§ Prompt
Return the run of lines below that opens with the line containing "X170180000Y-109220000D02*" and closes with the line containing "X177.8Y-114.3", keeping each one exact.

§ Task data
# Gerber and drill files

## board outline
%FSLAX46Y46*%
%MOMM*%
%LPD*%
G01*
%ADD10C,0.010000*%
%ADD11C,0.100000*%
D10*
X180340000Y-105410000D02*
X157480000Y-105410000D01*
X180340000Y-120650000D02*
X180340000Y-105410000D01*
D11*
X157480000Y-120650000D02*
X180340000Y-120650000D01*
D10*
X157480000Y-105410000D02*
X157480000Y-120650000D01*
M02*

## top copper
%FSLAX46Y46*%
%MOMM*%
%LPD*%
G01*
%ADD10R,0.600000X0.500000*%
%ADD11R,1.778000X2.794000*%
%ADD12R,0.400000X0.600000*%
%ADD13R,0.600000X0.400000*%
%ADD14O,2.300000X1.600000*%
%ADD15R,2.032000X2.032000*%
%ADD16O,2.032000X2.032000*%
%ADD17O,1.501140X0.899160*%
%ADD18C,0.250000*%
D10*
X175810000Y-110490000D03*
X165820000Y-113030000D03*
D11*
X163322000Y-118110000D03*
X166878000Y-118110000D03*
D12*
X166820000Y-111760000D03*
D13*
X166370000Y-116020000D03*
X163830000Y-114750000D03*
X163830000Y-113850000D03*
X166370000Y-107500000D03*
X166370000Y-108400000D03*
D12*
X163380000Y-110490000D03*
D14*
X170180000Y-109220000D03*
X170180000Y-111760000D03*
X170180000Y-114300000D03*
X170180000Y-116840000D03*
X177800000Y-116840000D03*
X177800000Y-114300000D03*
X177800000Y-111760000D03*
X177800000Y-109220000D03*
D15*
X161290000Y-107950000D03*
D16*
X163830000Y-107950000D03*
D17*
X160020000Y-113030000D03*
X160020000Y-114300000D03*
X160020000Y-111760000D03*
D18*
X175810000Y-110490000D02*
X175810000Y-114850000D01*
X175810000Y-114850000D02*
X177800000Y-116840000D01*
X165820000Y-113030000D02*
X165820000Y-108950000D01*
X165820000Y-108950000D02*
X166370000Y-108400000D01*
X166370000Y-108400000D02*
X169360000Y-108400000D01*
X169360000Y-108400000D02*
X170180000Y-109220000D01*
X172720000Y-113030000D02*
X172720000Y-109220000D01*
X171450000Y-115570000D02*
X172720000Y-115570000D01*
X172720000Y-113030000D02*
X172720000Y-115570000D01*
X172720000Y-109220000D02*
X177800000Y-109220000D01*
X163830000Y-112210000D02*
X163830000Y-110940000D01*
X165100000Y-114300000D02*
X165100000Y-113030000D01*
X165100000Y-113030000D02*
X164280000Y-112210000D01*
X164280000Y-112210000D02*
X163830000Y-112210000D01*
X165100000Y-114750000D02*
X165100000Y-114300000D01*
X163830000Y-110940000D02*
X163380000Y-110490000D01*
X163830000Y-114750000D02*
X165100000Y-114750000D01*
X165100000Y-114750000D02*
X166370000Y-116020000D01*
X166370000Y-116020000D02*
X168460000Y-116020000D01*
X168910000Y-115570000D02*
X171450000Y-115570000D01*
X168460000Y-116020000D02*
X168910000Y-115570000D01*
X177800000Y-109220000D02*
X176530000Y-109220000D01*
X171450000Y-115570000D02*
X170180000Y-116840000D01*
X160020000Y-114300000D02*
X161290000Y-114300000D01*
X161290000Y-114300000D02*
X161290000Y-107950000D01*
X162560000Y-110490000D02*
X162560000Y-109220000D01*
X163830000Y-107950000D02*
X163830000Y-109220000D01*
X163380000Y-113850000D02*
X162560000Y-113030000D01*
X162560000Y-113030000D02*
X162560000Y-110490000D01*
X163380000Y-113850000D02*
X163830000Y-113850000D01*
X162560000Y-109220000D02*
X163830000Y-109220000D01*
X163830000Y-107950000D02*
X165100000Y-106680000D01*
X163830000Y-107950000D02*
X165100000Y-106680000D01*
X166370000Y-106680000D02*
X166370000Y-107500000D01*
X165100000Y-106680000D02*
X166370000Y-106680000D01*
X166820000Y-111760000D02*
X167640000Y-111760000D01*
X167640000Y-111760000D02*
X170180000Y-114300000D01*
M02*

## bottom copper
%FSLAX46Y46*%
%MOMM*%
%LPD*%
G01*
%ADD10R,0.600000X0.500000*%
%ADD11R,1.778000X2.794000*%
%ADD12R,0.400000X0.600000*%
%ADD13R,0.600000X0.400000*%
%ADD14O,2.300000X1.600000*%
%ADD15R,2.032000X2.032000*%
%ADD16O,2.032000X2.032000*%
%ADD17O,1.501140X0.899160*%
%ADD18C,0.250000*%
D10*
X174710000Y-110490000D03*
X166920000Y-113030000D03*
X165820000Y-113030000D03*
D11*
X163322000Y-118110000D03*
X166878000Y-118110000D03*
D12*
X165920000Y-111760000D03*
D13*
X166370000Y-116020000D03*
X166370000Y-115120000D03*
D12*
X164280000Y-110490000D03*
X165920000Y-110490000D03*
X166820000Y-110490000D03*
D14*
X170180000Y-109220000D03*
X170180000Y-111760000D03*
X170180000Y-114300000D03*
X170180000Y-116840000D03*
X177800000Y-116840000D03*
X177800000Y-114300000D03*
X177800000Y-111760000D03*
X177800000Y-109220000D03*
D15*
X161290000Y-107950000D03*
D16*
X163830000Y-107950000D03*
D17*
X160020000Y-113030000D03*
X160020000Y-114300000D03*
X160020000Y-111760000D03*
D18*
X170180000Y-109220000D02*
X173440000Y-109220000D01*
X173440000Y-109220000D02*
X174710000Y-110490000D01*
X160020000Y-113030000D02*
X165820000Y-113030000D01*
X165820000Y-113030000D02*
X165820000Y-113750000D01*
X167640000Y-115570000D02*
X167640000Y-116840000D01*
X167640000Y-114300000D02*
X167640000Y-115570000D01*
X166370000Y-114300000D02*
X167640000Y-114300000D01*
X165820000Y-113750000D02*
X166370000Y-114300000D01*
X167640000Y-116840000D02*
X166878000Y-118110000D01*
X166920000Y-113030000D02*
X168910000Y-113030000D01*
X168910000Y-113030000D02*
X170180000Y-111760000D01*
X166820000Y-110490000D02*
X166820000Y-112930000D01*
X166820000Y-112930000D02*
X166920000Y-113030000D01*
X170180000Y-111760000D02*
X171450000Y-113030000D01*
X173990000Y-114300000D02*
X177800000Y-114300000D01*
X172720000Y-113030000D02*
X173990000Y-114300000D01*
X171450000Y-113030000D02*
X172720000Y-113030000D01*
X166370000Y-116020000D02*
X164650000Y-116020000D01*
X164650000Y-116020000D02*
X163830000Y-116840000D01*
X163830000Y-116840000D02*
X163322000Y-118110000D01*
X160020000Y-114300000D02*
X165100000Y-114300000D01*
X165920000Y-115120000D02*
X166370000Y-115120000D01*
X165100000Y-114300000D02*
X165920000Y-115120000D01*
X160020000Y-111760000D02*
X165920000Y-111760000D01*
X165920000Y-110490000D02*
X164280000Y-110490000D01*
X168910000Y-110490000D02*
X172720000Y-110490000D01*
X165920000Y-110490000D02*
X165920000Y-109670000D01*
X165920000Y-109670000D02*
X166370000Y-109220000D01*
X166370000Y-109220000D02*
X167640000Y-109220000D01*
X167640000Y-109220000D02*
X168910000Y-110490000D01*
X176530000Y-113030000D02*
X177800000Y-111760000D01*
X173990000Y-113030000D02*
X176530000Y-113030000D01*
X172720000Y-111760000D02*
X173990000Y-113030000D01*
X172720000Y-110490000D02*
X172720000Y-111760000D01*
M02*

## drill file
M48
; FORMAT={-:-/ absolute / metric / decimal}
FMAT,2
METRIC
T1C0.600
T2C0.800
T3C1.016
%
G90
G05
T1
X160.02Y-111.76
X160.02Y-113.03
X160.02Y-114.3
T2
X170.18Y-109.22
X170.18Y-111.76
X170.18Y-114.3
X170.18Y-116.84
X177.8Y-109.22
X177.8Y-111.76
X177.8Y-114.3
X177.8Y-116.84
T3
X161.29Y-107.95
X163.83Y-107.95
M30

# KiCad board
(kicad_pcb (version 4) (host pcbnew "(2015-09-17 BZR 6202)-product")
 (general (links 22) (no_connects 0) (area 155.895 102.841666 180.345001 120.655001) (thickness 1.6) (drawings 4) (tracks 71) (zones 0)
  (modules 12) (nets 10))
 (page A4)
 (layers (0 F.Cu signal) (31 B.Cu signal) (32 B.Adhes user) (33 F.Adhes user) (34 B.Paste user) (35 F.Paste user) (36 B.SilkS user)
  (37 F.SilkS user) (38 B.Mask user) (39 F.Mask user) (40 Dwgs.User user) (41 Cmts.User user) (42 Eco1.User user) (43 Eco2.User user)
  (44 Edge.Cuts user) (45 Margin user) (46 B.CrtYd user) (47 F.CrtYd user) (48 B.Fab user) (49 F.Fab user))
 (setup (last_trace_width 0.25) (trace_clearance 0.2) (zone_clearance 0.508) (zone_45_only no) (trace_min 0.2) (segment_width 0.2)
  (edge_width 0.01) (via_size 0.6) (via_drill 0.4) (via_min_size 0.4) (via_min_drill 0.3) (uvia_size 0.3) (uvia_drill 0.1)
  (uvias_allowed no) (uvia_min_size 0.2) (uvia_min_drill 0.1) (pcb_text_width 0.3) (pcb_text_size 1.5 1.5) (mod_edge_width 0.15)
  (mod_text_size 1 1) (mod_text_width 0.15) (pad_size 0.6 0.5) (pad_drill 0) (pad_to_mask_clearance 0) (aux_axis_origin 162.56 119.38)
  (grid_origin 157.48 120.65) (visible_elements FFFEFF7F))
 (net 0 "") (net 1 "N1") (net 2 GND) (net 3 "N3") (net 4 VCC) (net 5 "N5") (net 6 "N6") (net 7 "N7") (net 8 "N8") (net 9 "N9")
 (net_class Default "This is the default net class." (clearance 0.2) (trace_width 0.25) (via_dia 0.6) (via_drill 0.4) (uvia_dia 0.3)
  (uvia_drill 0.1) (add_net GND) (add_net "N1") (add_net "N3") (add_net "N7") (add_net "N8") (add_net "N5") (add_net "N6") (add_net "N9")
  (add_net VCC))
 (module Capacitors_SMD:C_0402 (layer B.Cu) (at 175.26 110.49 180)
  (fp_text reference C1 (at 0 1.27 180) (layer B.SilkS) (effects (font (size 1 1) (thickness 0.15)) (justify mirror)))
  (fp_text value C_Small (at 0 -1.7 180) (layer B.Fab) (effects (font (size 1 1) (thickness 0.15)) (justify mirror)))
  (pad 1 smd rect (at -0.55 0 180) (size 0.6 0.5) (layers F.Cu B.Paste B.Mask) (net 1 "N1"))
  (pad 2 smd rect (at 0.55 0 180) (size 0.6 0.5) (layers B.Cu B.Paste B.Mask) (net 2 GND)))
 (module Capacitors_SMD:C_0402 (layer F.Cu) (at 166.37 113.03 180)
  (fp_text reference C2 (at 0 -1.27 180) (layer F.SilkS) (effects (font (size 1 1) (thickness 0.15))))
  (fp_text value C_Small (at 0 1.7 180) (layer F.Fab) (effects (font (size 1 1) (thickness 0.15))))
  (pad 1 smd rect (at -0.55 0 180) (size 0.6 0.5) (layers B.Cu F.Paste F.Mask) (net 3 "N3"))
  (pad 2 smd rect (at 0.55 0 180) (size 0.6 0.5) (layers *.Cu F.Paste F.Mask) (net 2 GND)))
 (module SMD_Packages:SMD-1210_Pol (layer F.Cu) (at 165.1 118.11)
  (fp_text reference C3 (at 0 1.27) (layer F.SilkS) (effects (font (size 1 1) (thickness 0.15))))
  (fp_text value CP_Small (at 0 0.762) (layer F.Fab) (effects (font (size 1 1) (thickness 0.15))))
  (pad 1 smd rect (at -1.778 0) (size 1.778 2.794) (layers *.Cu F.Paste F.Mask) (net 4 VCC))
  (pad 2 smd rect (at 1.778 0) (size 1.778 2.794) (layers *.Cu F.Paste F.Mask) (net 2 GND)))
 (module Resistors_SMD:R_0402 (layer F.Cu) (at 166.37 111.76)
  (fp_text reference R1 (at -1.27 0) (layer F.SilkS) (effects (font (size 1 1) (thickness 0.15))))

§ Answer below
X170180000Y-109220000D02*
X173440000Y-109220000D01*
X173440000Y-109220000D02*
X174710000Y-110490000D01*
X160020000Y-113030000D02*
X165820000Y-113030000D01*
X165820000Y-113030000D02*
X165820000Y-113750000D01*
X167640000Y-115570000D02*
X167640000Y-116840000D01*
X167640000Y-114300000D02*
X167640000Y-115570000D01*
X166370000Y-114300000D02*
X167640000Y-114300000D01*
X165820000Y-113750000D02*
X166370000Y-114300000D01*
X167640000Y-116840000D02*
X166878000Y-118110000D01*
X166920000Y-113030000D02*
X168910000Y-113030000D01*
X168910000Y-113030000D02*
X170180000Y-111760000D01*
X166820000Y-110490000D02*
X166820000Y-112930000D01*
X166820000Y-112930000D02*
X166920000Y-113030000D01*
X170180000Y-111760000D02*
X171450000Y-113030000D01*
X173990000Y-114300000D02*
X177800000Y-114300000D01*
X172720000Y-113030000D02*
X173990000Y-114300000D01*
X171450000Y-113030000D02*
X172720000Y-113030000D01*
X166370000Y-116020000D02*
X164650000Y-116020000D01*
X164650000Y-116020000D02*
X163830000Y-116840000D01*
X163830000Y-116840000D02*
X163322000Y-118110000D01*
X160020000Y-114300000D02*
X165100000Y-114300000D01*
X165920000Y-115120000D02*
X166370000Y-115120000D01*
X165100000Y-114300000D02*
X165920000Y-115120000D01*
X160020000Y-111760000D02*
X165920000Y-111760000D01*
X165920000Y-110490000D02*
X164280000Y-110490000D01*
X168910000Y-110490000D02*
X172720000Y-110490000D01*
X165920000Y-110490000D02*
X165920000Y-109670000D01*
X165920000Y-109670000D02*
X166370000Y-109220000D01*
X166370000Y-109220000D02*
X167640000Y-109220000D01*
X167640000Y-109220000D02*
X168910000Y-110490000D01*
X176530000Y-113030000D02*
X177800000Y-111760000D01*
X173990000Y-113030000D02*
X176530000Y-113030000D01*
X172720000Y-111760000D02*
X173990000Y-113030000D01*
X172720000Y-110490000D02*
X172720000Y-111760000D01*
M02*

## drill file
M48
; FORMAT={-:-/ absolute / metric / decimal}
FMAT,2
METRIC
T1C0.600
T2C0.800
T3C1.016
%
G90
G05
T1
X160.02Y-111.76
X160.02Y-113.03
X160.02Y-114.3
T2
X170.18Y-109.22
X170.18Y-111.76
X170.18Y-114.3
X170.18Y-116.84
X177.8Y-109.22
X177.8Y-111.76
X177.8Y-114.3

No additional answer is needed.